Loading a trillion rows of weather data into TimescaleDB
Hypertables, indexing, and bulk ingest performance
- Several commenters question why Timescale hypertables ingest slower than plain tables.
- Explanation: hypertables add overhead (chunk management, per-chunk index) and automatically create a timestamp index; the baseline table had no index.
- Suggested fix: disable default indexes during bulk load and create them afterward.
- Hypertables are argued to shine “over time” at large scale, not in micro‑benchmarks.
COPY, binary formats, WAL, and tuning
- COPY is seen as CPU‑bound and hard to make truly I/O‑limited.
- Some report modest gains from COPY BINARY, others large gains when writing binary directly from in‑memory structures. Results appear workload‑dependent.
- Advanced tuning suggestions: temporarily disable WAL and related safeguards, autovacuum, and reduce checkpoints for one‑shot bulk loads, accepting crash‑recovery risk.
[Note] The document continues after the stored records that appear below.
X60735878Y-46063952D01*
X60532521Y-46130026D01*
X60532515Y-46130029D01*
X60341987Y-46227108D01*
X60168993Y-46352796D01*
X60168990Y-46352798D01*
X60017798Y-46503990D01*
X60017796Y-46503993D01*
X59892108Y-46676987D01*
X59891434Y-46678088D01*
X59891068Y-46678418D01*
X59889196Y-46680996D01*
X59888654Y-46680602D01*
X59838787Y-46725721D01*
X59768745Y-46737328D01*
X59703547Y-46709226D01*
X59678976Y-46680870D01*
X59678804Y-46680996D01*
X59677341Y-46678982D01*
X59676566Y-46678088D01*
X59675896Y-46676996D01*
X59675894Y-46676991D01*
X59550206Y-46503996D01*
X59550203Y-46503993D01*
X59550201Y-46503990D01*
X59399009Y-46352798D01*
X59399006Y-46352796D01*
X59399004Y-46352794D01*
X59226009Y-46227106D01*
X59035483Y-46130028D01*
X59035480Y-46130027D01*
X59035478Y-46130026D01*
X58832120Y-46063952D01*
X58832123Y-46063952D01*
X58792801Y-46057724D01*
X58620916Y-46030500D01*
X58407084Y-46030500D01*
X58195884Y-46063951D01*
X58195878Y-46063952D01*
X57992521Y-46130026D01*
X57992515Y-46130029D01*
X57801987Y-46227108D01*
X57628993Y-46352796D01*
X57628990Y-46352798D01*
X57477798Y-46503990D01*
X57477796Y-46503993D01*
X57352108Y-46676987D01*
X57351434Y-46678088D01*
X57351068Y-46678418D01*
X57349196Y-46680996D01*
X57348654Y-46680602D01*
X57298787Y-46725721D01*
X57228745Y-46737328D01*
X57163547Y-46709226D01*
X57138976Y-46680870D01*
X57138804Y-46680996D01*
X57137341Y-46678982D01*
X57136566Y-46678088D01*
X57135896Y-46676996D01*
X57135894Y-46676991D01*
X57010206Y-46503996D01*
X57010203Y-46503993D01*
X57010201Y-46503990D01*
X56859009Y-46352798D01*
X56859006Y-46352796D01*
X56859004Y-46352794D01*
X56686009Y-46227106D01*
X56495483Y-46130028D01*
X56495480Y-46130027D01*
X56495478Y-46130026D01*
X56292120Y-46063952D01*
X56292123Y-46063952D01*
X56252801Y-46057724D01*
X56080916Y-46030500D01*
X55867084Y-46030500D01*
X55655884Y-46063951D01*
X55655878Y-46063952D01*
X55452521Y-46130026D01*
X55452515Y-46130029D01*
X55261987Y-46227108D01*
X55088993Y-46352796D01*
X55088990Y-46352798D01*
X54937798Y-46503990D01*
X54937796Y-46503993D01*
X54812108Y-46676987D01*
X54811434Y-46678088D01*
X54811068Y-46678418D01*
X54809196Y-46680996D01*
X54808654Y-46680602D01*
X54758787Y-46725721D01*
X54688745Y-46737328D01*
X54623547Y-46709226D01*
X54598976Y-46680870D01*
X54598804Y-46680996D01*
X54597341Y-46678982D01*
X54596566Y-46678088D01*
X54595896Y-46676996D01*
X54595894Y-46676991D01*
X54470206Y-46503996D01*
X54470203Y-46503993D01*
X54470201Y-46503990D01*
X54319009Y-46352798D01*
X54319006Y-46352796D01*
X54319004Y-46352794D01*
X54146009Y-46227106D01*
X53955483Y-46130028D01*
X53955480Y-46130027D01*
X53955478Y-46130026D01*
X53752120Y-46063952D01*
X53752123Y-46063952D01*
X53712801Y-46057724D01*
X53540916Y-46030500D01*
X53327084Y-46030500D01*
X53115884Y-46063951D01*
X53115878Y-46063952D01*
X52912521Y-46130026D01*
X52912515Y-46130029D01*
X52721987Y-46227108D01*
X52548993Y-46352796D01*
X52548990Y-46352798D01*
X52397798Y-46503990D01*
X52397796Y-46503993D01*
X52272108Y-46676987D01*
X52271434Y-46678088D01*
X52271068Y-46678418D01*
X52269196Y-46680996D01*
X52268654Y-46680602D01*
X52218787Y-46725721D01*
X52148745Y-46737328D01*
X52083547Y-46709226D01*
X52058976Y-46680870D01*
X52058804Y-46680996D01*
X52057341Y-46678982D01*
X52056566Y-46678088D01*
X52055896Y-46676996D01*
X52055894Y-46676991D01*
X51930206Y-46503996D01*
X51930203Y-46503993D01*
Row overhead, compression, and storage trade‑offs
- Concern about significant per‑row overhead vs raw data size.
- Timescale compression (segmenting by key, columnar storage, TOAST) is claimed to reach up to ~20x reduction in good cases by amortizing tuple overhead.
- Some discuss narrowing types (e.g., storing scaled values as int2) but the author chose to rely on compression.
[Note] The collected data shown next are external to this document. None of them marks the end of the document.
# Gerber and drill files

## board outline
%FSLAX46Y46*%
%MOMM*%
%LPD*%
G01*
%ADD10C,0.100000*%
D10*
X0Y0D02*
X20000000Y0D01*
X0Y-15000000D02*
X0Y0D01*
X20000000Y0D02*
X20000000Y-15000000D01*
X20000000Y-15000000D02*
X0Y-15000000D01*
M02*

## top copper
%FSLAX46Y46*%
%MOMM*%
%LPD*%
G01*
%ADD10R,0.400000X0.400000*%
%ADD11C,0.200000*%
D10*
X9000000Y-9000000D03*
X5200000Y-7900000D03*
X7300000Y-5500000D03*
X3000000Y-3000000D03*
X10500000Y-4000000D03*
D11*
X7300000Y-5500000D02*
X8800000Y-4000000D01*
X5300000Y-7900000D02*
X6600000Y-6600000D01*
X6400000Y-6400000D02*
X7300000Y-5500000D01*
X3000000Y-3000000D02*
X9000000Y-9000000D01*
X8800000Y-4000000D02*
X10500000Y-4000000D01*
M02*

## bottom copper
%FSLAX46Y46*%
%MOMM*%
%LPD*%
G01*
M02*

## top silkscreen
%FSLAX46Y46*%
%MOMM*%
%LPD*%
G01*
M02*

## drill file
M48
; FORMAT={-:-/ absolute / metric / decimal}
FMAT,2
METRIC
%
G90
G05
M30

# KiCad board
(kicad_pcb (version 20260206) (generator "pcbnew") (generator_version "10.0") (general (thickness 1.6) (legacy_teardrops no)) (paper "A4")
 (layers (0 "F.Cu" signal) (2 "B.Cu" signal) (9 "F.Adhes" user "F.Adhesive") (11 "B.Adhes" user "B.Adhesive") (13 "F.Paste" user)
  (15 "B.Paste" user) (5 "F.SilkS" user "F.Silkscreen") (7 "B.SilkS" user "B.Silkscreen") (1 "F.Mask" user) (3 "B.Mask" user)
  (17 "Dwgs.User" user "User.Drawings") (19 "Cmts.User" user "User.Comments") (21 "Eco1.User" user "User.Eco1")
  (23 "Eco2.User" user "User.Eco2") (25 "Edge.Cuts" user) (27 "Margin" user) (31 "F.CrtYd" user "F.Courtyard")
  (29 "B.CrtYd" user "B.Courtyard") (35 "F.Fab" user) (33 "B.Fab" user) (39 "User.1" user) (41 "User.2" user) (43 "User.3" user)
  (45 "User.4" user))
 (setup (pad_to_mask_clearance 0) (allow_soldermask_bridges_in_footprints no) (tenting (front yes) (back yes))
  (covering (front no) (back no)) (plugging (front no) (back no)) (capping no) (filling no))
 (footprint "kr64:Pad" (layer "F.Cu") (at 9 9)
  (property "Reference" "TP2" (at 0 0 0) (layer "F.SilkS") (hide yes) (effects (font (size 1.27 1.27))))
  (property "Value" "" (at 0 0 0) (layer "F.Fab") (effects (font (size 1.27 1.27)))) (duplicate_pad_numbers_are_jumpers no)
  (pad "1" smd rect (at 0 0) (size 0.4 0.4) (layers "F.Cu" "F.Mask" "F.Paste") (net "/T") (thermal_bridge_angle 45)))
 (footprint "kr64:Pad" (layer "F.Cu") (at 5.2 7.9)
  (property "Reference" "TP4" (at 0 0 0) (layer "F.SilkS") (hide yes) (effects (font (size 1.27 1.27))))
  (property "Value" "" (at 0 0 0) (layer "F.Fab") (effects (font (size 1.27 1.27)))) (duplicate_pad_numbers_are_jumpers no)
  (pad "1" smd rect (at 0 0) (size 0.4 0.4) (layers "F.Cu" "F.Mask" "F.Paste") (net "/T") (thermal_bridge_angle 45)))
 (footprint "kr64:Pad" (layer "F.Cu") (at 7.3 5.5)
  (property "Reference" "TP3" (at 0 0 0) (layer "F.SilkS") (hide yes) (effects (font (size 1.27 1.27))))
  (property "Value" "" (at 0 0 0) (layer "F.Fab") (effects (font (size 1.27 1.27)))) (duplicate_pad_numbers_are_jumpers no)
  (pad "1" smd rect (at 0 0) (size 0.4 0.4) (layers "F.Cu" "F.Mask" "F.Paste") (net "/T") (thermal_bridge_angle 45)))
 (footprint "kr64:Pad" (layer "F.Cu") (at 3 3)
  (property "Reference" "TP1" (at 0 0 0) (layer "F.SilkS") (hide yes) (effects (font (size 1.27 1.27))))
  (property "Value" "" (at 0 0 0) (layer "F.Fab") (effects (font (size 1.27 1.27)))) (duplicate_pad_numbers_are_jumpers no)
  (pad "1" smd rect (at 0 0) (size 0.4 0.4) (layers "F.Cu" "F.Mask" "F.Paste") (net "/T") (thermal_bridge_angle 45)))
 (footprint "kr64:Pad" (layer "F.Cu") (at 10.5 4)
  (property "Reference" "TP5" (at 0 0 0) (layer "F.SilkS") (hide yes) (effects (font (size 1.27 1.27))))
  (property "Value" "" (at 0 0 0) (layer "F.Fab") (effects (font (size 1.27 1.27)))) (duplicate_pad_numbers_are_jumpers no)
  (pad "1" smd rect (at 0 0) (size 0.4 0.4) (layers "F.Cu" "F.Mask" "F.Paste") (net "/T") (thermal_bridge_angle 45)))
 (gr_line (start 0 0) (end 20 0) (stroke (width 0.1) (type default)) (layer "Edge.Cuts"))
 (gr_line (start 0 15) (end 0 0) (stroke (width 0.1) (type default)) (layer "Edge.Cuts"))
 (gr_line (start 20 0) (end 20 15) (stroke (width 0.1) (type default)) (layer "Edge.Cuts"))
 (gr_line (start 20 15) (end 0 15) (stroke (width 0.1) (type default)) (layer "Edge.Cuts"))
 (segment (start 7.3 5.5) (end 8.8 4) (width 0.2) (layer "F.Cu") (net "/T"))
 (segment (start 5.3 7.9) (end 6.6 6.6) (width 0.2) (layer "F.Cu") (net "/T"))
 (segment (start 6.4 6.4) (end 7.3 5.5) (width 0.2) (layer "F.Cu") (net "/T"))
 (segment (start 3 3) (end 9 9) (width 0.2) (layer "F.Cu") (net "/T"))
 (segment (start 8.8 4) (end 10.5 4) (width 0.2) (layer "F.Cu") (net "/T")))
Is a relational database appropriate for ERA5?
- Skepticism: ERA5 is a regular spatiotemporal grid; flattening to rows “destroys” structure and may be inefficient.
- Alternative recommended: cloud‑optimized Zarr/NetCDF with time‑ or use‑case‑aware chunking, achieving sub‑second timeseries queries without heavy ingestion.
- Counterpoint: public ERA5 replicas are often chunked for spatial access, yielding very slow time‑series extraction; custom time‑series chunking (including non‑RDBMS formats like custom HDF or proprietary layouts) can be extremely fast.
- The author’s main motivation is learning Postgres/Timescale/PostGIS and staying within a $0 on‑prem budget.
Alternative databases and columnar systems
- Multiple participants argue columnar engines (ClickHouse, BigQuery, DuckDB, VictoriaMetrics, others) can ingest and query trillions of time‑series rows far faster and with better compression than Postgres/Timescale, often with little tuning.
- Benchmarks are cited where ClickHouse and VictoriaMetrics ingest hundreds of billions of samples in hours; some predict sub‑day loads for this workload.
- Timescale representatives position it as an “operational” time‑series store (continuous streaming, recent‑data focus) vs warehouse‑style systems optimized for full‑dataset scans.
Cloud warehouses, costs, and on‑prem vs cloud
- BigQuery is praised as exceptionally strong for large‑scale geospatial and weather analytics, often turning multi‑hour PostGIS jobs into seconds.
- Serious concern about cost foot‑guns: frequent query refreshes and unpartitioned tables can drive big, surprising bills.
- Some report successfully replacing expensive cloud stacks (e.g., BigQuery + Airflow) with one‑time hardware plus DuckDB/Parquet, especially when data fits in local NVMe/RAM.
- Others stress that for “data hoarding” with infrequent queries, cheap object storage plus pay‑per‑query engines is attractive.
Geospatial and ERA5 data nuances
- Thread emphasizes coordinate reference systems, projections, and geometry size limits as real practical problems.
- ERA5 is a reanalysis product: model output constrained by observations, not pure observations. Users are urged to understand provenance, especially in earlier decades with sparse measurements.
- Desire expressed for better metadata on where/when actual observations exist and how interpolation from sparse networks performs.
Security, parameterized queries, and query plans
- Debate over why to use parameterized queries: some emphasize security (SQL injection), others performance (avoid text encoding, reuse plans).
- Discussion notes that plan reuse is typically safe over short time windows; engines can replan periodically if data distribution changes.
Data access and tooling
- ERA5 data sources and scripts to download subsets are shared; full dataset is ~petabytes, so most work with small (TB‑scale) slices.
- Various tools are mentioned or recommended: PostGIS, qStudio for visualization, Open‑Meteo (ERA5‑backed API with custom time‑series‑optimized storage), and Xarray/Zarr for serverless workflows.